What exactly is the advantage of doing this?

(Not trying to be a smart ass).

----------


## arczi19

Most EU countries are not allowed to use Scroll of Resurrection and Recruit a Friend services. Countries like England, Germany or France are allowed, so the only way for those people to use them is to change their country to one of these. However, quite recently Blizzard removed the ability to change your country. Hence why the exploit  :Smile:

----------


## Sarick

Well I don't see the reason for Tamper Data since you can change it in options <.<.
Go to Settings>Your Contact & Shipping Addresses>Make new address,
and you are done.

----------


## migy

no, u can add new adress, but can't change ur Country for RaF. I'm from Czech Republic and i can't change it via settings.

----------


## moor2

> no, u can add new adress, but can't change ur Country for RaF. I'm from Czech Republic and i can't change it via settings.


^this .




> Greetings Dave,
> 
> Indeed, you are not alone in this matter. The ability to change your country of residence has been removed. This is as intended.
> 
> If you wish to change the country that is registered on the account please provide the following information for account verification:
> 
> - Your account name (please do NOT send us your password)
> - Your full real name
> - Your full address including postal or zip code currently registered on the account
> ...

----------


## OotHE

Would someone from US be able to make the account EU and make a character there? So one wouldn't have to make a new account and all of that sort?

----------


## Igzz

> Would someone from US be able to make the account EU and make a character there?
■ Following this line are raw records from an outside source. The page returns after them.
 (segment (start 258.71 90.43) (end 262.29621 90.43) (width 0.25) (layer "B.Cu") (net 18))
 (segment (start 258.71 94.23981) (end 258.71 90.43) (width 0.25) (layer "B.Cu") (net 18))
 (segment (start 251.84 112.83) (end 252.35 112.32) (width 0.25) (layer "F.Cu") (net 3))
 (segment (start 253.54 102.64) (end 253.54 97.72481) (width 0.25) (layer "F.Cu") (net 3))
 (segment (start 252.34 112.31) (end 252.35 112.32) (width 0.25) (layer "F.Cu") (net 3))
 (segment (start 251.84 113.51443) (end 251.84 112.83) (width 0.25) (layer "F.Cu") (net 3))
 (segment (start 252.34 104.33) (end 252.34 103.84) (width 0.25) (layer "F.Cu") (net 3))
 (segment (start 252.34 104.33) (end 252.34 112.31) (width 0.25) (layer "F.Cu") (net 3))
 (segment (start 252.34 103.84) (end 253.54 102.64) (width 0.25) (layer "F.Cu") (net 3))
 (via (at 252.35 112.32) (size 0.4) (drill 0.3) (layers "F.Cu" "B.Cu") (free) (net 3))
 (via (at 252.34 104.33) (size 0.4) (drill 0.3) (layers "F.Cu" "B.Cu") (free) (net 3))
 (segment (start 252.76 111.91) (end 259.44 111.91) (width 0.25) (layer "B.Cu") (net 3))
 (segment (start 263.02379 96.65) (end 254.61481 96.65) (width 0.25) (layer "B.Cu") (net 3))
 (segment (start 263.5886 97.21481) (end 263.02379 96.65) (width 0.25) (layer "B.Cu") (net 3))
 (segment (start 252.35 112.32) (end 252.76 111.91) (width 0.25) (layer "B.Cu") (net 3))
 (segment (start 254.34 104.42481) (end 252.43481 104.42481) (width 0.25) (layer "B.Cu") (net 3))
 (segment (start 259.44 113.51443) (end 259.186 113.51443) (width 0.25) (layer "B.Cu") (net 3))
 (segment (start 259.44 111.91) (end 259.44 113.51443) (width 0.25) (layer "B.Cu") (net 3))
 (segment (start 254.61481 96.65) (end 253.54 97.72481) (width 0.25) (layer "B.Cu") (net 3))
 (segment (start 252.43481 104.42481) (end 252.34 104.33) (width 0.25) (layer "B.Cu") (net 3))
So one wouldn't have to make a new account and all of that sort?


I do not believe so, because the two have completely different licenses.

----------


## Subcore

So this changes it so you are able or you are not able to use raf like normal one ?

----------


## moor2

> So this changes it so you are able or you are not able to use raf like normal one ?


if you have country where its not supported, then you are not able to use it..

----------


## Snowee

Sounds cool, rep sir.

----------


## Darkshades

Before anyone says it's not useful or that you can change the country yourself, you should try to. I could not do a RaF because my country is set to Canada. I sent them a mail saying that I now live in France (lol) and they asked me for proof. If this does indeed work, +rep. Will try it now.

Edit: Worked perfectly. + Repping rep.

----------


## junkkiller

dude u rock + 5 rep!!

----------


## OverLordErIcH

Technically this doesn't belong in World of Warcraft exploits since battle net isn't just wow.




> Most EU countries are not allowed to use Scroll of Resurrection and Recruit a Friend services. Countries like England, Germany or France are allowed, so the only way for those people to use them is to change their country to one of these. However, quite recently Blizzard removed the ability to change your country. Hence why the exploit


Why can't other EU countries use those services?

----------


## arczi19

> Technically this doesn't belong in World of Warcraft exploits since battle net isn't just wow.
> 
> 
> 
> Why can't other EU countries use those services?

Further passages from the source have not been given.